- PROBLEM STATEMENT: Going line by line through the data below, report how many lines include the word "Solder", with nothing added.

Start of PROVIDED MATERIAL

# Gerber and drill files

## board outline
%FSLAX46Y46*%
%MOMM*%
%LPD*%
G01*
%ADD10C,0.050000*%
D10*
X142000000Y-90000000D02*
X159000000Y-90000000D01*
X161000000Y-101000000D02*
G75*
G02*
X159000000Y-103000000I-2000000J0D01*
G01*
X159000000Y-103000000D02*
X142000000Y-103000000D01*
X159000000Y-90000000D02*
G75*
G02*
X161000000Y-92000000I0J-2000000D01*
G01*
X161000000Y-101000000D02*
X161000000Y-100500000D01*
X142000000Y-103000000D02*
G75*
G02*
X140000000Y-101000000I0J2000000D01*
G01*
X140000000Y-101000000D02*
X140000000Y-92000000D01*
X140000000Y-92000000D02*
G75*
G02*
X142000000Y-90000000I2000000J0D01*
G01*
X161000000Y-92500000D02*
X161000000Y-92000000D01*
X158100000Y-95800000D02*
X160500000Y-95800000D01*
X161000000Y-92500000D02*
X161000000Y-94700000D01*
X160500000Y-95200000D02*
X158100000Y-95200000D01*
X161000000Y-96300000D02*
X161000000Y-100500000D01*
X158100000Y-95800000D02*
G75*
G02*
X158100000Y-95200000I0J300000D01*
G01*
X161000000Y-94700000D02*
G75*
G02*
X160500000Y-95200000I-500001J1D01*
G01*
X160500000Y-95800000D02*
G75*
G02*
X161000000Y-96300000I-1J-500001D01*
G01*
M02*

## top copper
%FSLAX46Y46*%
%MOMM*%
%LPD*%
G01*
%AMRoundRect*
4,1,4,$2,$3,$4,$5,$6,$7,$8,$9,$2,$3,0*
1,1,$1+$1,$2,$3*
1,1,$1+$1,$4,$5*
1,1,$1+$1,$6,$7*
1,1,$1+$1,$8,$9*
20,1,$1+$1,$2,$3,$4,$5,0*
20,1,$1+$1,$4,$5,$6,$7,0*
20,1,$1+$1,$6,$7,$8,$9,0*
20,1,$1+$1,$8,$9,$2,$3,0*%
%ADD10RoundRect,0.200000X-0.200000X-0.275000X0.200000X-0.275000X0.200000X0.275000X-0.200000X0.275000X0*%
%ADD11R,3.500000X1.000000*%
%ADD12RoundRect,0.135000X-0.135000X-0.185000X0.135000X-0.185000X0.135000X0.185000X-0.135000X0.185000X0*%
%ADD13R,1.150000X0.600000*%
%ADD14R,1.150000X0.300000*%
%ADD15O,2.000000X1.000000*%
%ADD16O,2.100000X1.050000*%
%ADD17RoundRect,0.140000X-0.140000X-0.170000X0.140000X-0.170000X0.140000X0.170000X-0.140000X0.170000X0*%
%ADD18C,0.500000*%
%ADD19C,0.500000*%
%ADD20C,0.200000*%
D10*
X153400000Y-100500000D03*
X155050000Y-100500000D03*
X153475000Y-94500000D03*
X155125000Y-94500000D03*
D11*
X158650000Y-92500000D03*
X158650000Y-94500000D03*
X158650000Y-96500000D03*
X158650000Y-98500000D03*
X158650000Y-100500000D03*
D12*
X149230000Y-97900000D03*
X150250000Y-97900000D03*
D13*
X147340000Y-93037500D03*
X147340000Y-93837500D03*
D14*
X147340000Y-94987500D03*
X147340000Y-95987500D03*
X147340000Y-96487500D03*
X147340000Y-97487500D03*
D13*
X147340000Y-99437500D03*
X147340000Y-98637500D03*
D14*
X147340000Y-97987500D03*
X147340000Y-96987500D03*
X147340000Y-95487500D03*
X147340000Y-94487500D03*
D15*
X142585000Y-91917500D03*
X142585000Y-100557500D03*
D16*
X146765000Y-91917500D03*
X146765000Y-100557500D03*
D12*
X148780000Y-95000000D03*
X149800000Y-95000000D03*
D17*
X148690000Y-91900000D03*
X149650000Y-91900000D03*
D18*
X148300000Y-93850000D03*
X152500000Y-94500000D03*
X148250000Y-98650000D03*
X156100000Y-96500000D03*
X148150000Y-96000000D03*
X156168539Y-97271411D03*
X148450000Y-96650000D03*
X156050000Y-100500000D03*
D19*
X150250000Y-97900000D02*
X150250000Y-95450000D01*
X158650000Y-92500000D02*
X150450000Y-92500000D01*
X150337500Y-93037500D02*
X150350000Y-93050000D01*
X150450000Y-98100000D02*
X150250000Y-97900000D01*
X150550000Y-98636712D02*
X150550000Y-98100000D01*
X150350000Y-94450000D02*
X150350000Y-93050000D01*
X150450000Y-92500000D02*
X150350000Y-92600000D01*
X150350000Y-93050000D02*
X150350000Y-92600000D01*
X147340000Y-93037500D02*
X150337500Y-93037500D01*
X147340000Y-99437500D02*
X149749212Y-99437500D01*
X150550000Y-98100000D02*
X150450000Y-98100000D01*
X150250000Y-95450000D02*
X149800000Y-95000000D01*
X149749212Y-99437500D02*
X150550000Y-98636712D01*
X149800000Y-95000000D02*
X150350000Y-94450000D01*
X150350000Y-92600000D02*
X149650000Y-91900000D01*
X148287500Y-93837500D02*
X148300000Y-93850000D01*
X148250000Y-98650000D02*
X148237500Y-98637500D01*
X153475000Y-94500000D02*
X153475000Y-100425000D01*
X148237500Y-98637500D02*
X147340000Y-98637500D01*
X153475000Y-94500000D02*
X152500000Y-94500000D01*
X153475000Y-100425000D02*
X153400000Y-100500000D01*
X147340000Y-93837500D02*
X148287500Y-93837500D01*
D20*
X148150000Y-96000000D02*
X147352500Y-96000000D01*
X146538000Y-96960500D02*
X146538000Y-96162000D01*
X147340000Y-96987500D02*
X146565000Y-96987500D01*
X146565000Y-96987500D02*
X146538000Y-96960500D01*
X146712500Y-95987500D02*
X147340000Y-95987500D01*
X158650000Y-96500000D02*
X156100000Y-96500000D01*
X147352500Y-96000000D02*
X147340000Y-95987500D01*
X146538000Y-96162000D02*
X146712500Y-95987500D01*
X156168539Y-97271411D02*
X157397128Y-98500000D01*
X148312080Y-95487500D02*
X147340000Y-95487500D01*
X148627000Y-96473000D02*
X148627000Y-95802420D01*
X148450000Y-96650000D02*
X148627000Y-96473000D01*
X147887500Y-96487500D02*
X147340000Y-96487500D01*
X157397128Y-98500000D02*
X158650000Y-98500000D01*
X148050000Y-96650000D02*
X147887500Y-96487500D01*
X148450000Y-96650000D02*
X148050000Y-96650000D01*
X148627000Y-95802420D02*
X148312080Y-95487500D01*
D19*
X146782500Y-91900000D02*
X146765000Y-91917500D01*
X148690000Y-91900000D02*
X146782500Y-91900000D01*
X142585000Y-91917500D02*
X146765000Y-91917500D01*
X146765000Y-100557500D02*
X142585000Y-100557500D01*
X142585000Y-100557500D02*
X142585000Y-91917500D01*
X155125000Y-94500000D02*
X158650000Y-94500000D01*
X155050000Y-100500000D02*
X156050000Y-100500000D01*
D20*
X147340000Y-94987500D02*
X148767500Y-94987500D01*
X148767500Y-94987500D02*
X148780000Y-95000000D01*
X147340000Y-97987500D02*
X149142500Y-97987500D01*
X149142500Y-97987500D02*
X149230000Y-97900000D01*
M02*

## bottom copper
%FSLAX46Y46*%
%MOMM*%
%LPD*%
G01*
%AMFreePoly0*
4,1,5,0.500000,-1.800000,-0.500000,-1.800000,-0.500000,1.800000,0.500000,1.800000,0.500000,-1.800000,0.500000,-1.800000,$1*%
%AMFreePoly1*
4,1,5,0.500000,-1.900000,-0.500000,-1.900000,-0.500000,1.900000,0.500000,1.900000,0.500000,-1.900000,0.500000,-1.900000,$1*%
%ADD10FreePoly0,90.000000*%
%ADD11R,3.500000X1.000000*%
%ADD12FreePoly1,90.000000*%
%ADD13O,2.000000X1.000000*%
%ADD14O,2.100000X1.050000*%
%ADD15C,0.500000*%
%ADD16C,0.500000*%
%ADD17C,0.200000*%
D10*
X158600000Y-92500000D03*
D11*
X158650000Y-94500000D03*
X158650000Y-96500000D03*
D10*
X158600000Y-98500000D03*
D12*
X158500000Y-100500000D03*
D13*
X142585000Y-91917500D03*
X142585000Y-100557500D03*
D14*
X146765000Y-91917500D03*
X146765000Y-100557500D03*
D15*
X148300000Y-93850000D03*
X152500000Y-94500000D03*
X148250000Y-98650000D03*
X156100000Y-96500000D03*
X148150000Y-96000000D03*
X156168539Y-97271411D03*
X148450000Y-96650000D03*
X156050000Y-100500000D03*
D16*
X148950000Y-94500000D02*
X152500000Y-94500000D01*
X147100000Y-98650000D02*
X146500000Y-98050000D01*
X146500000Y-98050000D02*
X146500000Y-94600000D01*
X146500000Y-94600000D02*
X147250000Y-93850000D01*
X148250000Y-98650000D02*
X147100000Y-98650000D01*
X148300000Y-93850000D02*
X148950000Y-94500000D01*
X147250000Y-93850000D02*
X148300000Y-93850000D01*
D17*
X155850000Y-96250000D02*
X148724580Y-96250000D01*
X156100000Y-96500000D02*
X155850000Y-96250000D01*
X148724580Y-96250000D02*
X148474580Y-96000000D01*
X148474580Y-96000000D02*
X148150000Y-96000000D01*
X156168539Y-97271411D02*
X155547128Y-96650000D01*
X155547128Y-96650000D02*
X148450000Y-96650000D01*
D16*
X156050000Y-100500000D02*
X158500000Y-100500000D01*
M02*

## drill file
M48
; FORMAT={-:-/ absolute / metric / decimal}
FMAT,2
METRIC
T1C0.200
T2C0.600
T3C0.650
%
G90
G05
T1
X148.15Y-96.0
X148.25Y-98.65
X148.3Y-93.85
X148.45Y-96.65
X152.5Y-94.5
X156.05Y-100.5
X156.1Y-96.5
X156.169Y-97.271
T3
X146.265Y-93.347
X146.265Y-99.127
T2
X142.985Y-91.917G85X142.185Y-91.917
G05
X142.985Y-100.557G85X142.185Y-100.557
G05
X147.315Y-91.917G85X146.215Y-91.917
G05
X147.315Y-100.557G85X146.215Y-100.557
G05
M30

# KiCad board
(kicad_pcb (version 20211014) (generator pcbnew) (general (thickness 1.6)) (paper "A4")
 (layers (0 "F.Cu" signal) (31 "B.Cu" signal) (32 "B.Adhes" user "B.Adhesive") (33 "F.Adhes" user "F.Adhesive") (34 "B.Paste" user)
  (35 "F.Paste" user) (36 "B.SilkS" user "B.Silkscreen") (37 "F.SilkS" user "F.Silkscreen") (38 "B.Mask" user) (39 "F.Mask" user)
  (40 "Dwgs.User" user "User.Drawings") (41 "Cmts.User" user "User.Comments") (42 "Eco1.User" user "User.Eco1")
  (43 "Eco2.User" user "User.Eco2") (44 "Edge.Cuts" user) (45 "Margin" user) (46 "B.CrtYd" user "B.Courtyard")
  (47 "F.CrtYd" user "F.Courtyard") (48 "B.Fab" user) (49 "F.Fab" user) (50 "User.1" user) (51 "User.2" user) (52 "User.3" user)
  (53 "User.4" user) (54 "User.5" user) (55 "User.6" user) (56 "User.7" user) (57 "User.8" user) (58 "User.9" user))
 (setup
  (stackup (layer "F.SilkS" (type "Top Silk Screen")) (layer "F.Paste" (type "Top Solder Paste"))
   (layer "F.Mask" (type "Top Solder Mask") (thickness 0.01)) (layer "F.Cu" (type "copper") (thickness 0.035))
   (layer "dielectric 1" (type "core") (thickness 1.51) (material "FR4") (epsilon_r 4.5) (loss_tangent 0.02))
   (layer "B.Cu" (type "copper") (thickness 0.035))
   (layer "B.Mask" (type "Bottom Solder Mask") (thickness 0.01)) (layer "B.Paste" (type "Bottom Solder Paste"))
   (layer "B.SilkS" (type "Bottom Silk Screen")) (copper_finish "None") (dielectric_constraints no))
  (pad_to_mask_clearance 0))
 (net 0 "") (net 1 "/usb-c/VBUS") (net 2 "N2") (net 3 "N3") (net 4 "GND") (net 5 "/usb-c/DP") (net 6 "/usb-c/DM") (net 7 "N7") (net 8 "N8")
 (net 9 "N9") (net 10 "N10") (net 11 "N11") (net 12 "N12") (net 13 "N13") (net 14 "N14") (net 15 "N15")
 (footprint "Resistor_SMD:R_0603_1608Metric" (layer "F.Cu") (at 154.225 100.5)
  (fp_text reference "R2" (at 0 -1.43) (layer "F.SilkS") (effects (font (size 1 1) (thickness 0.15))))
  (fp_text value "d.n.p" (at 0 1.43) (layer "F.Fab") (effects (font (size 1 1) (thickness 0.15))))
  (pad "1" smd roundrect (at -0.825 0) (size 0.8 0.95) (layers "F.Cu" "F.Paste" "F.Mask") (roundrect_rratio 0.25) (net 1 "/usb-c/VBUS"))
  (pad "2" smd roundrect (at 0.825 0) (size 0.8 0.95) (layers "F.Cu" "F.Paste" "F.Mask") (roundrect_rratio 0.25) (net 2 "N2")))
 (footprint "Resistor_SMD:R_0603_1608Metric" (layer "F.Cu") (at 154.3 94.5)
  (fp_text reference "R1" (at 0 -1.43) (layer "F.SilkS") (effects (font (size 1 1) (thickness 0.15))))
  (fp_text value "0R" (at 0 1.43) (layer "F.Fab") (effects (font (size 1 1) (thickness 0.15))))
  (pad "1" smd roundrect (at -0.825 0) (size 0.8 0.95) (layers "F.Cu" "F.Paste" "F.Mask") (roundrect_rratio 0.25) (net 1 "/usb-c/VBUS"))
  (pad "2" smd roundrect (at 0.825 0) (size 0.8 0.95) (layers "F.Cu" "F.Paste" "F.Mask") (roundrect_rratio 0.25) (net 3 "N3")))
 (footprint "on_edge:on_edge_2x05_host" (layer "F.Cu") (at 161 96.5 -90)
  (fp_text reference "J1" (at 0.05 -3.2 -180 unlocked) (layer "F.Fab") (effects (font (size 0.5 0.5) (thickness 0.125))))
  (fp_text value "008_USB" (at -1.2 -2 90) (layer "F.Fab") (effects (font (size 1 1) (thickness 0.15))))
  (fp_line (start -0.7 2.9) (end -0.7 0.5) (layer "Edge.Cuts") (width 0.05))
  (fp_line (start -4 0) (end -1.8 0) (layer "Edge.Cuts") (width 0.05))
  (fp_line (start -1.3 0.5) (end -1.3 2.9) (layer "Edge.Cuts") (width 0.05))
  (fp_line (start -0.2 0) (end 4 0) (layer "Edge.Cuts") (width 0.05))
  (fp_arc (start -0.7 2.9) (mid -1 3.2) (end -1.3 2.9) (layer "Edge.Cuts") (width 0.05))
  (fp_arc (start -1.8 0) (mid -1.446447 0.146447) (end -1.3 0.5) (layer "Edge.Cuts") (width 0.05))
  (fp_arc (start -0.7 0.5) (mid -0.553553 0.146447) (end -0.2 0) (layer "Edge.Cuts") (width 0.05))
  (pad "1" smd rect (at -4 2.35 270) (size 1 3.5) (layers "F.Cu" "F.Mask") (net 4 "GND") (zone_connect 0))
  (pad "2" smd rect (at -2 2.35 270) (size 1 3.5) (layers "F.Cu" "F.Mask") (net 3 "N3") (zone_connect 0))
  (pad "3" smd rect (at 0 2.35 270) (size 1 3.5) (layers "F.Cu" "F.Mask") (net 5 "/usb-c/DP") (zone_connect 0))
  (pad "4" smd rect (at 2 2.35 270) (size 1 3.5) (layers "F.Cu" "F.Mask") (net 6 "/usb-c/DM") (zone_connect 0))
  (pad "5" smd rect (at 4 2.35 270) (size 1 3.5) (layers "F.Cu" "F.Mask") (zone_connect 0))
  (pad "6" smd custom (at -4 2.4 90) (size 1 3.6) (layers "B.Cu" "B.Mask") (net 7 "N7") (zone_connect 0)
   (options (clearance outline) (anchor rect)) (primitives))
  (pad "7" smd rect (at -2 2.35 90) (size 1 3.5) (layers "B.Cu" "B.Mask") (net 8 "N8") (zone_connect 0))
  (pad "8" smd rect (at 0 2.35 90) (size 1 3.5) (layers "B.Cu" "B.Mask") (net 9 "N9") (zone_connect 0))
  (pad "9" smd custom (at 2 2.4 90) (size 1 3.6) (layers "B.Cu" "B.Mask") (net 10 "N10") (zone_connect 0)
   (options (clearance outline) (anchor rect)) (primitives))
  (pad "10" smd custom (at 4 2.5 90) (size 1 3.8) (layers "B.Cu" "B.Mask") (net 2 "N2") (zone_connect 0)
   (options (clearance outline) (anchor rect)) (primitives))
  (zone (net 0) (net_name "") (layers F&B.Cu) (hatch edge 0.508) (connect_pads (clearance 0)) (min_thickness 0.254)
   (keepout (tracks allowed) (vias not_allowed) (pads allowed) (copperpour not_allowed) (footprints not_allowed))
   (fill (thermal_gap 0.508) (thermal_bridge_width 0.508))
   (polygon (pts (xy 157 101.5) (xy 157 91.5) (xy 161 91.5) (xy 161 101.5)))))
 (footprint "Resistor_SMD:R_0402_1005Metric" (layer "F.Cu") (at 149.74 97.9)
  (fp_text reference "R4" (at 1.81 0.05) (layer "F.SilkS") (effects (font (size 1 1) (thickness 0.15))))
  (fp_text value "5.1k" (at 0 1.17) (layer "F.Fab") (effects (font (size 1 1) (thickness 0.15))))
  (pad "1" smd roundrect (at -0.51 0) (size 0.54 0.64) (layers "F.Cu" "F.Paste" "F.Mask") (roundrect_rratio 0.25) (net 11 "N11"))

End of PROVIDED MATERIAL

- RESULT BELOW: 3